Mechanism of Isomerization in the Cationic Polymerization of Isobutylene

The complex mechanism of the carbocationic rearrangements leading to a variety of olefin (exo-, endo-, tri-, and tetra-substituted) end groups in the cationic polymerization of isobutylene (IB) catalyzed by ethylaluminum dichloride (EtAlCl2) in nonpolar solvents in the temperature range of -40 to 25 degrees C was studied by model ionization experiments employing poly(isobutylene chloride) (PIB-Cl) of low molecular weight (M-n similar to 1000-2000) obtained by living cationic polymerization.
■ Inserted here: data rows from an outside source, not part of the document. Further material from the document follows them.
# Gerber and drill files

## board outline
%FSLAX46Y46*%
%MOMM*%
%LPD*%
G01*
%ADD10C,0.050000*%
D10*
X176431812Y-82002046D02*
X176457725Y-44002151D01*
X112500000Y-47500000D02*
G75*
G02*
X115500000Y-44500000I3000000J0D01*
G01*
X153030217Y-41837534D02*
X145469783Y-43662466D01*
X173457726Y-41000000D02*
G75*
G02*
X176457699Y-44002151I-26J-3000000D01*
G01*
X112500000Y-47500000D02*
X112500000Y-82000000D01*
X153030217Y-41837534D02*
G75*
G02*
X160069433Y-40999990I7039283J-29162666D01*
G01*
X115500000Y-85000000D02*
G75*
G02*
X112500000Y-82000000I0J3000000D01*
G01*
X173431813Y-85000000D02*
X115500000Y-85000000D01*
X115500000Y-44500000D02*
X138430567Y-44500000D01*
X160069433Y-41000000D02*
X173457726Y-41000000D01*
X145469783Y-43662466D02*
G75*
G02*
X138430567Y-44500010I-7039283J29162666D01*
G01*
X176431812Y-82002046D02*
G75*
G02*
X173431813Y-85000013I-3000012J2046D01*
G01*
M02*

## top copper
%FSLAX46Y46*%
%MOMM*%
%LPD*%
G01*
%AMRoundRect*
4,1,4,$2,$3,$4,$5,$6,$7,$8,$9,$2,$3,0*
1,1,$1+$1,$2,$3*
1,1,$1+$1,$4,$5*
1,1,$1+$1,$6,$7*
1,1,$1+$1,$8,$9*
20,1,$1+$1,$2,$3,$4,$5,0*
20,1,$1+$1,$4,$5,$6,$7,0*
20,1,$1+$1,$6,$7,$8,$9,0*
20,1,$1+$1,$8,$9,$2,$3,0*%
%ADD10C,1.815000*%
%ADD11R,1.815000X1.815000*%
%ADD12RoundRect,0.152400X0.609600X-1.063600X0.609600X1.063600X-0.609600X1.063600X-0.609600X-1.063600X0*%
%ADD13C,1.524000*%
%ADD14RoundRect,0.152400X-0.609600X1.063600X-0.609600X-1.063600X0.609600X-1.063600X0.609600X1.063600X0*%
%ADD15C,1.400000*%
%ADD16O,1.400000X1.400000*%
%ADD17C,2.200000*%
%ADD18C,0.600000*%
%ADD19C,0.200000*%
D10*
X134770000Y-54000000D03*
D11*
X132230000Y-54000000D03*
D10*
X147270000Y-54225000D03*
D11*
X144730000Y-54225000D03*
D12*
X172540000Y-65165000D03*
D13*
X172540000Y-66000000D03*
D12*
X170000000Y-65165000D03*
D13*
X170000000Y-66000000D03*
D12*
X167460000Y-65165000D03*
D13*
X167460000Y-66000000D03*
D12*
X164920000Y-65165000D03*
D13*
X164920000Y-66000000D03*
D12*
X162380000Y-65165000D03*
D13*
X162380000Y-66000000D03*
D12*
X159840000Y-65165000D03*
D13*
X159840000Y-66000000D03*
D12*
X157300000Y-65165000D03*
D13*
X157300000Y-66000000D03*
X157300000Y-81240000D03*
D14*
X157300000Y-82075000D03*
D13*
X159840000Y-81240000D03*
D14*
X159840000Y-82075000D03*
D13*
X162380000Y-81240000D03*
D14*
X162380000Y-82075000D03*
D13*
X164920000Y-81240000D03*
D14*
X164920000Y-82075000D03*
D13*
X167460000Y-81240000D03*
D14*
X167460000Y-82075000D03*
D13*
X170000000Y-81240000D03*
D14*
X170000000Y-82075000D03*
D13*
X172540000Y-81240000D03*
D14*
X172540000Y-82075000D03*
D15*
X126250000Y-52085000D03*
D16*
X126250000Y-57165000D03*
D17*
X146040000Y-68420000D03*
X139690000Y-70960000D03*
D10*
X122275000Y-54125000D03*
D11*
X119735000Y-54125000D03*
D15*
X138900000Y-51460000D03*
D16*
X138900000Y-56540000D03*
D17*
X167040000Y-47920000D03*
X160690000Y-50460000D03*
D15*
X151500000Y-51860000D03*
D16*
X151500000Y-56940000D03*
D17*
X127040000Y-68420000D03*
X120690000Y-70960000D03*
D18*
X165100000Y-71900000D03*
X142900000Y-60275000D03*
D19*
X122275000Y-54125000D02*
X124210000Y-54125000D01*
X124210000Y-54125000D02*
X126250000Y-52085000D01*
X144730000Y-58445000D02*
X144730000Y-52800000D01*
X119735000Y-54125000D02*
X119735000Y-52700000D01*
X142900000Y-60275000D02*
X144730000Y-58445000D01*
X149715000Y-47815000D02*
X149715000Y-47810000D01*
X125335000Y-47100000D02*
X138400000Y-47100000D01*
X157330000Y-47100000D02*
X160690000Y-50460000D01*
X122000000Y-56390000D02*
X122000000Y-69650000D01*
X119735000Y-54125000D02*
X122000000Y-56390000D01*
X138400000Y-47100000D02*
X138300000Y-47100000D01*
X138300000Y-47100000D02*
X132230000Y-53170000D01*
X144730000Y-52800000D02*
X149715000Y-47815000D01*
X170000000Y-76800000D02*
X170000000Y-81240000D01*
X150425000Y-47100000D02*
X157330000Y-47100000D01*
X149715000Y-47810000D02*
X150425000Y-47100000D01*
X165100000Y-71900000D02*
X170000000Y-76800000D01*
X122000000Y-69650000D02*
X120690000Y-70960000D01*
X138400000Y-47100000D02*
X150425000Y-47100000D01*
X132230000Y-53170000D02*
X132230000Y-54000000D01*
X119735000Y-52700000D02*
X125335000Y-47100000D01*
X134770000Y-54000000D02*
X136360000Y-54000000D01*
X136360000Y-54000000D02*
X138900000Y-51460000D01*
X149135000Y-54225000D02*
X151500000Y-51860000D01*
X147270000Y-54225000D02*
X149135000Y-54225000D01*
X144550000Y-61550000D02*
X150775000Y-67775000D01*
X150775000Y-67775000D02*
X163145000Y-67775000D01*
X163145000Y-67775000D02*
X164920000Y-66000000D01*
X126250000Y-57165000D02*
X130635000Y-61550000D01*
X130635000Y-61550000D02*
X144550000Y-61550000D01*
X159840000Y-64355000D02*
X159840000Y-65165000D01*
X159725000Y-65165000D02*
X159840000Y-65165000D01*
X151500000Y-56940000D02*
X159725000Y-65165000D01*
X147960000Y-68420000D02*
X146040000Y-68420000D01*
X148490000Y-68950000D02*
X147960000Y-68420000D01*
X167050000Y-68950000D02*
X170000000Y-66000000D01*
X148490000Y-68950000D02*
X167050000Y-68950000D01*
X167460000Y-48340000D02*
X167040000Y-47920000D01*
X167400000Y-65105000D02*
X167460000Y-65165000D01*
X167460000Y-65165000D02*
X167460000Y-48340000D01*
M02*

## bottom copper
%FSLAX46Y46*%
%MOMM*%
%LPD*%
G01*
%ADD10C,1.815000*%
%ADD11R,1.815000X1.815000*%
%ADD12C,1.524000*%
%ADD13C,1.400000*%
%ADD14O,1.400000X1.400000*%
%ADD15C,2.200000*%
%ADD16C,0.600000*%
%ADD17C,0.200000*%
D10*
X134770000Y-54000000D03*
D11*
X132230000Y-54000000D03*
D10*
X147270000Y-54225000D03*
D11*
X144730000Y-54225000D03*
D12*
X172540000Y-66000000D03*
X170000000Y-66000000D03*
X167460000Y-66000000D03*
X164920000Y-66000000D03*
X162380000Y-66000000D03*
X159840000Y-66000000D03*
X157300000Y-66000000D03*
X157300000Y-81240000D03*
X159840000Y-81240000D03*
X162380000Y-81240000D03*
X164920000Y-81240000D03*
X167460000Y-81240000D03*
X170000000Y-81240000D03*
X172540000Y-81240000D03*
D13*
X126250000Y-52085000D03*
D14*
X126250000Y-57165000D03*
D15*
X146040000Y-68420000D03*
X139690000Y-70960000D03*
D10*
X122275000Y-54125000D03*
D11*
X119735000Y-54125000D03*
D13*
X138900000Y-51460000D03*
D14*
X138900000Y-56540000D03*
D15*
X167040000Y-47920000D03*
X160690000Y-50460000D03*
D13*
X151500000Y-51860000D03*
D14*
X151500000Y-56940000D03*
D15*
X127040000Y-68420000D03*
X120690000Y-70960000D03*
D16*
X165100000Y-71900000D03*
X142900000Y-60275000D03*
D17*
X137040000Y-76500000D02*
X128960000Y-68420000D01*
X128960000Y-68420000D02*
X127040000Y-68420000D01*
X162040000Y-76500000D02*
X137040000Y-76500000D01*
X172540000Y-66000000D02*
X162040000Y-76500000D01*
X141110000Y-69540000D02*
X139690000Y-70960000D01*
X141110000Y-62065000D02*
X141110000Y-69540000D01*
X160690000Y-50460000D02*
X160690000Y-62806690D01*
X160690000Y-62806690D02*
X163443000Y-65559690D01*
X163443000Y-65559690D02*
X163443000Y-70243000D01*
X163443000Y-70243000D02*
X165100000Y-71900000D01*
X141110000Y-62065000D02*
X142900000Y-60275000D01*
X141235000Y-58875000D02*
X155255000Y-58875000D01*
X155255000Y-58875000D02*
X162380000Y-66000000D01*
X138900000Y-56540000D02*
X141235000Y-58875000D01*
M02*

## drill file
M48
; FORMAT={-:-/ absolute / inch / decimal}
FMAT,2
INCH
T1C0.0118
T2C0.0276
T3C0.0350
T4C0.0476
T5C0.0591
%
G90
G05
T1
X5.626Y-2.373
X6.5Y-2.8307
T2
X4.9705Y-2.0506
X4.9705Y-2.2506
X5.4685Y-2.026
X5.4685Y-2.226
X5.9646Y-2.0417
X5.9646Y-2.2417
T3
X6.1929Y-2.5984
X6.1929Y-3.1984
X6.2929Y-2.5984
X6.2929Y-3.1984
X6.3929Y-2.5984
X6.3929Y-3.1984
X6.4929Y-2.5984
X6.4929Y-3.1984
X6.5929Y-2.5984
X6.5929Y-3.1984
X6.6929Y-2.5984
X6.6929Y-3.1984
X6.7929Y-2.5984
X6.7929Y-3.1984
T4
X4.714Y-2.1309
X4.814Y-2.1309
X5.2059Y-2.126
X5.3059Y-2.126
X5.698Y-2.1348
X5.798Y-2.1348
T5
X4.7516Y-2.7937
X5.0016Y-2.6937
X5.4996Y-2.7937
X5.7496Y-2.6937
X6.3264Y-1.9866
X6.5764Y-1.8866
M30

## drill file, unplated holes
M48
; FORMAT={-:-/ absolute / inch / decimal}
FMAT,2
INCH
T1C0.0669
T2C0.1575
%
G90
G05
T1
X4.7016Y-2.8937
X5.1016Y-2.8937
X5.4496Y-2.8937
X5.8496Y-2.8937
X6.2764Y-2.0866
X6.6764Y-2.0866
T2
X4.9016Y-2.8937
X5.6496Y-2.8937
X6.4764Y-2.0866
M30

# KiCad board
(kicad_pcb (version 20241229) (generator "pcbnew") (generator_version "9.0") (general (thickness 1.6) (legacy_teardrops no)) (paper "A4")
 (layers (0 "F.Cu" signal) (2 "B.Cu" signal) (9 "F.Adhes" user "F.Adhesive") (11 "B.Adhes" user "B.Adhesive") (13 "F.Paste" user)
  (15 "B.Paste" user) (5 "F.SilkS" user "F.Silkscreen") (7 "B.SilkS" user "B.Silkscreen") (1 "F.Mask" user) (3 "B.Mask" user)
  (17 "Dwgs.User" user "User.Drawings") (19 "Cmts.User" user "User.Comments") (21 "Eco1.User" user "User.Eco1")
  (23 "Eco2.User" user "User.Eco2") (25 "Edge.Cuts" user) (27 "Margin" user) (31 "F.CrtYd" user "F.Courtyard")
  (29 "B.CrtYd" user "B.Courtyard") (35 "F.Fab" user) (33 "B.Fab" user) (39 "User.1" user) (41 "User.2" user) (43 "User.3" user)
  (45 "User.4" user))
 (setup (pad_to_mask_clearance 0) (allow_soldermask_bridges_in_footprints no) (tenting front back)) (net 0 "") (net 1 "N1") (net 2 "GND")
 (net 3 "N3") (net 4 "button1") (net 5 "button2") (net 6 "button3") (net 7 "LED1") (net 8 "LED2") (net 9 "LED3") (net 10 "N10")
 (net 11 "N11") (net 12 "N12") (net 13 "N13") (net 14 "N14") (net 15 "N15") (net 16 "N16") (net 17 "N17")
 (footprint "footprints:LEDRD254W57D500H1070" (layer "F.Cu") (at 133.5 54)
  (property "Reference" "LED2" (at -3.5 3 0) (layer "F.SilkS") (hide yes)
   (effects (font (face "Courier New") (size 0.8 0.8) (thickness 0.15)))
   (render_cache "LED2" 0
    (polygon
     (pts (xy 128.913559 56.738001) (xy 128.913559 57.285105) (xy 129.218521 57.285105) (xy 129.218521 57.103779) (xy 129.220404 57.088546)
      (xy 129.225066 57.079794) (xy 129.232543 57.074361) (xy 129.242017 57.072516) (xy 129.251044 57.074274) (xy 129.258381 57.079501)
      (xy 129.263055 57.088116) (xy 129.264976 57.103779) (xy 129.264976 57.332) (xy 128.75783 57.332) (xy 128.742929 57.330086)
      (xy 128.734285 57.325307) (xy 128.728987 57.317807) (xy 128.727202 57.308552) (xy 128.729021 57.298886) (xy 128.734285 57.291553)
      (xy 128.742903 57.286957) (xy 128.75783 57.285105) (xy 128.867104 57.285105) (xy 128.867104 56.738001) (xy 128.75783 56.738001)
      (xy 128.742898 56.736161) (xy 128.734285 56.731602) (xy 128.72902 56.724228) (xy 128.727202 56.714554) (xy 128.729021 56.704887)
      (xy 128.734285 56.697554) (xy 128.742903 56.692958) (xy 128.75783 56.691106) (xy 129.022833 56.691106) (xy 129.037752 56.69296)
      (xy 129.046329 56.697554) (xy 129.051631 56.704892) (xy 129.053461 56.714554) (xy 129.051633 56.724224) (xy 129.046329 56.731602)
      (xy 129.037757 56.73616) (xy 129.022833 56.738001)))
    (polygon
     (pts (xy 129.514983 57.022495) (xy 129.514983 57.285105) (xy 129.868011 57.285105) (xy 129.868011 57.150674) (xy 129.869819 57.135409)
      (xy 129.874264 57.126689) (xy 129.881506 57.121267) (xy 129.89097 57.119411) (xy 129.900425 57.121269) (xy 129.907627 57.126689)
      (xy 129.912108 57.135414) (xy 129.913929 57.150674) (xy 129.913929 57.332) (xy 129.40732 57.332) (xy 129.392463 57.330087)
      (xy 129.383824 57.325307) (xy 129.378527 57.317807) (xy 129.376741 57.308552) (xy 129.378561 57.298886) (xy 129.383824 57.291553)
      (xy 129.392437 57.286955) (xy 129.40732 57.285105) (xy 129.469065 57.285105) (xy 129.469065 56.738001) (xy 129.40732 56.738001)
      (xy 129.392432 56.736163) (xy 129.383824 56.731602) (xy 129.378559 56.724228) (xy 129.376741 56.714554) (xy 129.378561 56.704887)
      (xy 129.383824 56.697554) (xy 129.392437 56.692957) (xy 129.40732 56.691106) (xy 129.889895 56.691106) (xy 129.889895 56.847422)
Ionizations were performed with EtAlCl2 in hydrocarbon media to mimic a conventional cationic polymerization of IB, but in the presence of a proton trap to suppress reprotonation of the first formed olefin and subsequent decomposition of the resulting PIB cation. In the absence of a proton trap, ionization of PIB-Cl resulted in about 70% of tri-substituted olefin end groups in the studied temperature range. The exo and endo olefin end-group content was negligible. MALDI and APPI TOP MS indicated that the tri-substituted PIB olefins contained irregular carbon numbers, suggesting chain scission. Ionizations carried out in the presence of the proton trap 2,6-di-tert-butylpyridine (DTBP) at 0 and -40 degrees C also gave mainly the tri-substituted olefin; however, at 25 degrees C only exo-, endo-, and tetra-substituted olefins were formed with regular carbon numbers. Ionization of PIBd8(IB)(n)-Cl with n = 1-6 showed that on average 4 IB units are cleaved at -40 degrees C, which suggests that the tri-substituted olefins are formed by backbiting via hydride transfer followed by chain scission. A mechanism is proposed to account for the olefin structures involving a sterically hindered cation arising via hydride and methyde shifts, which either eliminates a proton to yield the tetra-substituted olefin or undergoes a distant hydride shift by backbiting followed by a methyde shift and chain scission to yield the tri-substituted olefin of irregular carbon number.